- [Work required]:
Please reproduce exactly the lines from the start of the records through the one containing "X99695000Y-49625000D03*", and nothing more.

- [Exercise input]:

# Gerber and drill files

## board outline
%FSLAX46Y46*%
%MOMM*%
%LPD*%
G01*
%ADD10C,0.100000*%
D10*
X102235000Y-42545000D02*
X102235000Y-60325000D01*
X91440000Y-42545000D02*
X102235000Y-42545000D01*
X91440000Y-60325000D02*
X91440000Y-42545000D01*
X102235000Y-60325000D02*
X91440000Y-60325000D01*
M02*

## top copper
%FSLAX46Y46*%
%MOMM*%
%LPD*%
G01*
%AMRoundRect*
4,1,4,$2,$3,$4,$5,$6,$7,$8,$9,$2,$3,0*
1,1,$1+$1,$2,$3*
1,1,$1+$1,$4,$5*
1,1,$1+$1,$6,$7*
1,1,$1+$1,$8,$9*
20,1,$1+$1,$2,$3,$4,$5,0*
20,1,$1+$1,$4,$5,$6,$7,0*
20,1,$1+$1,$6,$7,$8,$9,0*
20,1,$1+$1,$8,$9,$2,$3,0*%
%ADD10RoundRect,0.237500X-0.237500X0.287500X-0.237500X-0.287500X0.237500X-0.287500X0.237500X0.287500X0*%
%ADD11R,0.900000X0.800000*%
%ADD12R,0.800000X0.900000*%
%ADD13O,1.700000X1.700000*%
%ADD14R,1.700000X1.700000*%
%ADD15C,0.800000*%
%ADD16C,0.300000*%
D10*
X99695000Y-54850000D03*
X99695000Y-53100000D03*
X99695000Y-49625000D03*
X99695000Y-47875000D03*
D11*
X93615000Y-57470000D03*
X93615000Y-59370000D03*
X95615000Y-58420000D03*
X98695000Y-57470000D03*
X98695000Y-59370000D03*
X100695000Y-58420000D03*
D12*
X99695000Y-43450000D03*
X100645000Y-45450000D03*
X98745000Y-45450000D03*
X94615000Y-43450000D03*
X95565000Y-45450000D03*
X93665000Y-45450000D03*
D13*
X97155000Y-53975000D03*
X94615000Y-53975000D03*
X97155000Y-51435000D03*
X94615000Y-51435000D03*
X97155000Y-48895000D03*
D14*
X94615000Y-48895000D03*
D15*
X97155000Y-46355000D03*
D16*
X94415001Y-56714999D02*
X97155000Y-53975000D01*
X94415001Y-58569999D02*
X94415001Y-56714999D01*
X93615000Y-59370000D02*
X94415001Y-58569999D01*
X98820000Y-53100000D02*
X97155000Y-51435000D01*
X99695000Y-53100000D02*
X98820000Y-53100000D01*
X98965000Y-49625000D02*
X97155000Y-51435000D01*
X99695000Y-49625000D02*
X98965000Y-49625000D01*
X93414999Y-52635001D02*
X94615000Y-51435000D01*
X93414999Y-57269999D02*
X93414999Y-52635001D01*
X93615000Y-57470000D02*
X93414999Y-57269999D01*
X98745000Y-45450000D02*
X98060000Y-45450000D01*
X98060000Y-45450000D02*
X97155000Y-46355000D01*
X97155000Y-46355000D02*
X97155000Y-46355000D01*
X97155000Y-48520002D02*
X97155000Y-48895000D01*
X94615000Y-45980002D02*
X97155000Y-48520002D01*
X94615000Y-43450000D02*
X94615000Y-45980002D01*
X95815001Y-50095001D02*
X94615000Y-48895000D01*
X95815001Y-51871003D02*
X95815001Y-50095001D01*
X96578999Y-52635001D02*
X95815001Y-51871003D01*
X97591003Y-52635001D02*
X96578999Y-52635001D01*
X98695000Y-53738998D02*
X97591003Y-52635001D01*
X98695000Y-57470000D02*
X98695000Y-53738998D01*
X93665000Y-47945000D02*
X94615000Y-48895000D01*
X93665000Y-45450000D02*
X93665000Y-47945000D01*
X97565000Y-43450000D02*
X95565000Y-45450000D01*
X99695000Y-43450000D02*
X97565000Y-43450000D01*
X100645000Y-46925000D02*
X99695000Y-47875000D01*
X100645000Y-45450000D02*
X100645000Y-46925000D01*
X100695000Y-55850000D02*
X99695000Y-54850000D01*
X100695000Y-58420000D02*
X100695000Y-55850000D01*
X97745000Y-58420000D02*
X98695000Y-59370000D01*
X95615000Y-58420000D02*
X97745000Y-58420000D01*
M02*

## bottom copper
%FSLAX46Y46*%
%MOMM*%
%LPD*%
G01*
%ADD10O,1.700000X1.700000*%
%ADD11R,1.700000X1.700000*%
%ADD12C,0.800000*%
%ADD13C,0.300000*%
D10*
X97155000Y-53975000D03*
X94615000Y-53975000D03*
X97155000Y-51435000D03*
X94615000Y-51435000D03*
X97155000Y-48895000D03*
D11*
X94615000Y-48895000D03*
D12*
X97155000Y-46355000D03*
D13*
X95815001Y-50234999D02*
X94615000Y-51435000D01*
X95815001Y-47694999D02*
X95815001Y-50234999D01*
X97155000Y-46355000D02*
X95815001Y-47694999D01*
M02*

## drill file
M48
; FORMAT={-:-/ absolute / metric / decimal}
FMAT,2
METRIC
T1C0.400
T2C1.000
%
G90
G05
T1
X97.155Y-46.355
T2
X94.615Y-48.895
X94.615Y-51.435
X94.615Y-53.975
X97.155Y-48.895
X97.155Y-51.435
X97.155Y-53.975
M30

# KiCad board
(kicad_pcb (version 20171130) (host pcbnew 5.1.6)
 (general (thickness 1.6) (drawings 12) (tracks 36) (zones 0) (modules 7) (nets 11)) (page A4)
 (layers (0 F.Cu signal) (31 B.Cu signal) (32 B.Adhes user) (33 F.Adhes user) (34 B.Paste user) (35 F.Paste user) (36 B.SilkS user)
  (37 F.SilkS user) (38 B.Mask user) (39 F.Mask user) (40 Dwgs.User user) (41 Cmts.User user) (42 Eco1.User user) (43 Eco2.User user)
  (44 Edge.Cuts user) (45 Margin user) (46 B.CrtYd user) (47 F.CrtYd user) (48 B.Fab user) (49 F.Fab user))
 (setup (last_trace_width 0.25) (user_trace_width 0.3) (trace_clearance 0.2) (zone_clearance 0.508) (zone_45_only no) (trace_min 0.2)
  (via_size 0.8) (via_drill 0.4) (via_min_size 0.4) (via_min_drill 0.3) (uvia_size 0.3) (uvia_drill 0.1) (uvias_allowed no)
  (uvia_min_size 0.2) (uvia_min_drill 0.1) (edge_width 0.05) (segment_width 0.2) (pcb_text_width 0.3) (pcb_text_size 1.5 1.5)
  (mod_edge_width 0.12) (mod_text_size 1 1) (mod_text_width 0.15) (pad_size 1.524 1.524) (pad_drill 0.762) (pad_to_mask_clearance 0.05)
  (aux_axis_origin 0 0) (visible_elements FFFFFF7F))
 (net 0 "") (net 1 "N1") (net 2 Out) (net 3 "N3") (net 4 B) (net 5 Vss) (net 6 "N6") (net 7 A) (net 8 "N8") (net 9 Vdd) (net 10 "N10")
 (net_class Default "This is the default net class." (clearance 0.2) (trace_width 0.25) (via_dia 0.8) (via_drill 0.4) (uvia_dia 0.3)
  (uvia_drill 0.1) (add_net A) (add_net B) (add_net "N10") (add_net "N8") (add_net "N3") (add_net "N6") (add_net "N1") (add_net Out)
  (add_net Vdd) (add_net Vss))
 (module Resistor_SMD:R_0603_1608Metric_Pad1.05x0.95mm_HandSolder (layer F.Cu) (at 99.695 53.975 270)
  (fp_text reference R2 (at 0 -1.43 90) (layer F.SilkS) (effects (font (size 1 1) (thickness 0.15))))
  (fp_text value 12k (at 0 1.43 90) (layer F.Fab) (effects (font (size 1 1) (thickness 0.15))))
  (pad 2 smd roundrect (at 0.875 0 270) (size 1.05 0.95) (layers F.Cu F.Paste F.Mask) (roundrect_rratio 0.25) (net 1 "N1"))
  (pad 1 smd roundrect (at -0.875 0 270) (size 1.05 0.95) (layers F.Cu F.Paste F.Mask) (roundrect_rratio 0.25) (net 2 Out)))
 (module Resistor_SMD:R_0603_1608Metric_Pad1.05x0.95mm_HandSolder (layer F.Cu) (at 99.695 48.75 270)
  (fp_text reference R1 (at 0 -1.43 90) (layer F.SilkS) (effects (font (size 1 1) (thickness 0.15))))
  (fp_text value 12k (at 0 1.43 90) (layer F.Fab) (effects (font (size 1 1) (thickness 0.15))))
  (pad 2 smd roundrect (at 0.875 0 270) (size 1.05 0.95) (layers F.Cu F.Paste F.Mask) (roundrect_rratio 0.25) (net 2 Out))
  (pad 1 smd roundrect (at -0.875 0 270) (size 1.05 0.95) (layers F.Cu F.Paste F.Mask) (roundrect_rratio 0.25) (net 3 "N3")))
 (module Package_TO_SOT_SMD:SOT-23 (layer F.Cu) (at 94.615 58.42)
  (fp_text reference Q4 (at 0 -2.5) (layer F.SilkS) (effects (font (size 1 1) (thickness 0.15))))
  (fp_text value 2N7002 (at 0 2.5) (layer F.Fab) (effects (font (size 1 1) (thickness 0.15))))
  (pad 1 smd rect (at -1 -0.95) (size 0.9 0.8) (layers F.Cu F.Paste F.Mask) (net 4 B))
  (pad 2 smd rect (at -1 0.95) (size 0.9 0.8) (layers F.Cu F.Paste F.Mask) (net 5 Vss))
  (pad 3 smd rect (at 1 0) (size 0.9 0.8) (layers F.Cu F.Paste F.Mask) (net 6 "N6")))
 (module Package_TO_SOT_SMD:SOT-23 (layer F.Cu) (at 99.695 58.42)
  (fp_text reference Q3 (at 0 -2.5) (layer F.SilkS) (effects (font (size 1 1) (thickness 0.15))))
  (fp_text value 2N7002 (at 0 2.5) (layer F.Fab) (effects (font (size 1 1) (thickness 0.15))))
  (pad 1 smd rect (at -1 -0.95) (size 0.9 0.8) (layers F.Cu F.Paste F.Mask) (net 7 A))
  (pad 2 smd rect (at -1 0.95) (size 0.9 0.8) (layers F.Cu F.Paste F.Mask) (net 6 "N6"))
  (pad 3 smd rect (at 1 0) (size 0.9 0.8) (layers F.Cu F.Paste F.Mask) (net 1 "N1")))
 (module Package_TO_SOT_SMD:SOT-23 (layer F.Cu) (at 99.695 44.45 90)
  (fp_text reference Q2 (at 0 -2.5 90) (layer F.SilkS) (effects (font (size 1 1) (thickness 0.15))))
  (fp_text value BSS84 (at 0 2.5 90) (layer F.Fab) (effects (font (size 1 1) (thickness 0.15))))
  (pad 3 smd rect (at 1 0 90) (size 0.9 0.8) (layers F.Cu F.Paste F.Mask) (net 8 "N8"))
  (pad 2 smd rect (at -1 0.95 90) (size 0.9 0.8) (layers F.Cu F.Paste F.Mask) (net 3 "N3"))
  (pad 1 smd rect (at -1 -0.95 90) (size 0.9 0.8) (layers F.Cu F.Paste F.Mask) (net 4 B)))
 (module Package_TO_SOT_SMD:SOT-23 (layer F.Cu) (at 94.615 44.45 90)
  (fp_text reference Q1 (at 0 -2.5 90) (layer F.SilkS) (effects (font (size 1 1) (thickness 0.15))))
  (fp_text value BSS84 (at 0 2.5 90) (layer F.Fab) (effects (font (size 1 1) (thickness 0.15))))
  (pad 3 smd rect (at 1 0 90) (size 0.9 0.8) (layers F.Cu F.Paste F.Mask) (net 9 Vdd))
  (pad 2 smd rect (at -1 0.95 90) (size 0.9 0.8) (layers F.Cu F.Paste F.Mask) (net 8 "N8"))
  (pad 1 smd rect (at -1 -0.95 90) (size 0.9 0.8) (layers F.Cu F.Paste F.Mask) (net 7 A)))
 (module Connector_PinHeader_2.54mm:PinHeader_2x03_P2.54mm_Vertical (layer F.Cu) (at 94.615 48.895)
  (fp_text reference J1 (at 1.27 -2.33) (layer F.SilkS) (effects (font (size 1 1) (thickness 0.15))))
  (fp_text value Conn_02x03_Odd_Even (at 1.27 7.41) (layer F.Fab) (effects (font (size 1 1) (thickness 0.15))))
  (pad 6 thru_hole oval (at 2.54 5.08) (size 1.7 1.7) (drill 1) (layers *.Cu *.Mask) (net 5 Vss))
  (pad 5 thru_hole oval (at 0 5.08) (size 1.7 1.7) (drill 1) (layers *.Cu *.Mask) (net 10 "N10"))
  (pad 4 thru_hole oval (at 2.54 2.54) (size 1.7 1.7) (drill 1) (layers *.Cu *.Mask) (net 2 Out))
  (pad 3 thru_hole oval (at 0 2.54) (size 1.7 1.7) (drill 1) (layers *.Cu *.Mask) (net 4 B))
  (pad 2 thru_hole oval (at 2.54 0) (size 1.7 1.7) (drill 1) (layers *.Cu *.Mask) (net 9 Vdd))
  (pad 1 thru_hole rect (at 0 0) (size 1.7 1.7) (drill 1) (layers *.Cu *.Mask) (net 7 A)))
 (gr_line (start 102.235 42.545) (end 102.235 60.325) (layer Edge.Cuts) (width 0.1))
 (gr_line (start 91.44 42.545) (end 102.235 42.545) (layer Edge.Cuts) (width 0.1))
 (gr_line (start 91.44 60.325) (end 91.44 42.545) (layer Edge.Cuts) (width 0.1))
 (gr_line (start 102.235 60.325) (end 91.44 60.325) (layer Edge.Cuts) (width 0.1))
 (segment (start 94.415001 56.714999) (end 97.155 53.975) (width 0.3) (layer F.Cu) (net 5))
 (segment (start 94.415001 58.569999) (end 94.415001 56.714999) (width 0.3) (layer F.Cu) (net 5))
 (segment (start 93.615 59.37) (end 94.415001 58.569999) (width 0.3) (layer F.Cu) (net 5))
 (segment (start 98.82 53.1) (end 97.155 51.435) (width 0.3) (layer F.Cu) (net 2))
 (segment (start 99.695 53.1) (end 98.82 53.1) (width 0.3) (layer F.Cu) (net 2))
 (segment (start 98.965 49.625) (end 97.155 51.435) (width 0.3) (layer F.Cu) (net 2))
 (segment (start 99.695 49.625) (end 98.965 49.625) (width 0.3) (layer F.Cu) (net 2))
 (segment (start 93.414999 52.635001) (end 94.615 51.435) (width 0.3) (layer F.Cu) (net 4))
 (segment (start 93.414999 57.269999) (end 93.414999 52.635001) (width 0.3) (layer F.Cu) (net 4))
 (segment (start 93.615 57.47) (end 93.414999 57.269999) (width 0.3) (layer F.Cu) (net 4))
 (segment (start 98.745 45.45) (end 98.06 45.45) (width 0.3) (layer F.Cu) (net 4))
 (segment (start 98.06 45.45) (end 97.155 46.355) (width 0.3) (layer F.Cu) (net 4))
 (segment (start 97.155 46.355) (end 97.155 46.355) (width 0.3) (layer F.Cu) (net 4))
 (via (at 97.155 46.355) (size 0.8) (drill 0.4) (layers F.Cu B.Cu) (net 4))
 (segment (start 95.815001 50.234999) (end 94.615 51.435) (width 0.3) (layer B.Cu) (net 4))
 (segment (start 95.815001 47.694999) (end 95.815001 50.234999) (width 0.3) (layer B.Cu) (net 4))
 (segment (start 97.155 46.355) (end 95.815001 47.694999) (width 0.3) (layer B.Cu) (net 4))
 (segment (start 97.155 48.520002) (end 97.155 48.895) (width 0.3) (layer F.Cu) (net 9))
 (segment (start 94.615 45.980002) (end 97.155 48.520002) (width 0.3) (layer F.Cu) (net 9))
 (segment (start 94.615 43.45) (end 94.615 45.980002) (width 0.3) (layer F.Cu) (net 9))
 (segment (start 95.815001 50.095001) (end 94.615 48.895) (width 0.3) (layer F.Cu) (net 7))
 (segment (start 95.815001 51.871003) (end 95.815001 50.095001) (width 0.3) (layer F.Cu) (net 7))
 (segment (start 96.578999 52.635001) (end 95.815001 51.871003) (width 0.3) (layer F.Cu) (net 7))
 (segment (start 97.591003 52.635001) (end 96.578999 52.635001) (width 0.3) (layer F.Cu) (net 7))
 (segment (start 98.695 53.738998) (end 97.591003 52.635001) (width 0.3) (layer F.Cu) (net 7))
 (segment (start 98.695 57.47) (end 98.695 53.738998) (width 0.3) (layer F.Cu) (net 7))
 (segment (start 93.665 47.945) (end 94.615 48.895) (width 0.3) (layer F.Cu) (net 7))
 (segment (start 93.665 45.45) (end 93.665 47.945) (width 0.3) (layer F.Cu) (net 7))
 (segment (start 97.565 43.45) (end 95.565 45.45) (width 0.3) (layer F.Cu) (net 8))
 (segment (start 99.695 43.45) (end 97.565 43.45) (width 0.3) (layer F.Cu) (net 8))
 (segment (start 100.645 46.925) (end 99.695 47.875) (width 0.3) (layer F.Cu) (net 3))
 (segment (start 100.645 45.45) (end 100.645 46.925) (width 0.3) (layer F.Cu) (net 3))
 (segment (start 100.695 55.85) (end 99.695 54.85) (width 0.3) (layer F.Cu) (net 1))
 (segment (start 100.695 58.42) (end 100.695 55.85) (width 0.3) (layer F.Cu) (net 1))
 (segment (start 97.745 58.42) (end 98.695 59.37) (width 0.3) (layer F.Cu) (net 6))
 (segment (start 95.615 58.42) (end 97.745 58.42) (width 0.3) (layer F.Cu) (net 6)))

- [Solution for this exercise]:
# Gerber and drill files

## board outline
%FSLAX46Y46*%
%MOMM*%
%LPD*%
G01*
%ADD10C,0.100000*%
D10*
X102235000Y-42545000D02*
X102235000Y-60325000D01*
X91440000Y-42545000D02*
X102235000Y-42545000D01*
X91440000Y-60325000D02*
X91440000Y-42545000D01*
X102235000Y-60325000D02*
X91440000Y-60325000D01*
M02*

## top copper
%FSLAX46Y46*%
%MOMM*%
%LPD*%
G01*
%AMRoundRect*
4,1,4,$2,$3,$4,$5,$6,$7,$8,$9,$2,$3,0*
1,1,$1+$1,$2,$3*
1,1,$1+$1,$4,$5*
1,1,$1+$1,$6,$7*
1,1,$1+$1,$8,$9*
20,1,$1+$1,$2,$3,$4,$5,0*
20,1,$1+$1,$4,$5,$6,$7,0*
20,1,$1+$1,$6,$7,$8,$9,0*
20,1,$1+$1,$8,$9,$2,$3,0*%
%ADD10RoundRect,0.237500X-0.237500X0.287500X-0.237500X-0.287500X0.237500X-0.287500X0.237500X0.287500X0*%
%ADD11R,0.900000X0.800000*%
%ADD12R,0.800000X0.900000*%
%ADD13O,1.700000X1.700000*%
%ADD14R,1.700000X1.700000*%
%ADD15C,0.800000*%
%ADD16C,0.300000*%
D10*
X99695000Y-54850000D03*
X99695000Y-53100000D03*
X99695000Y-49625000D03*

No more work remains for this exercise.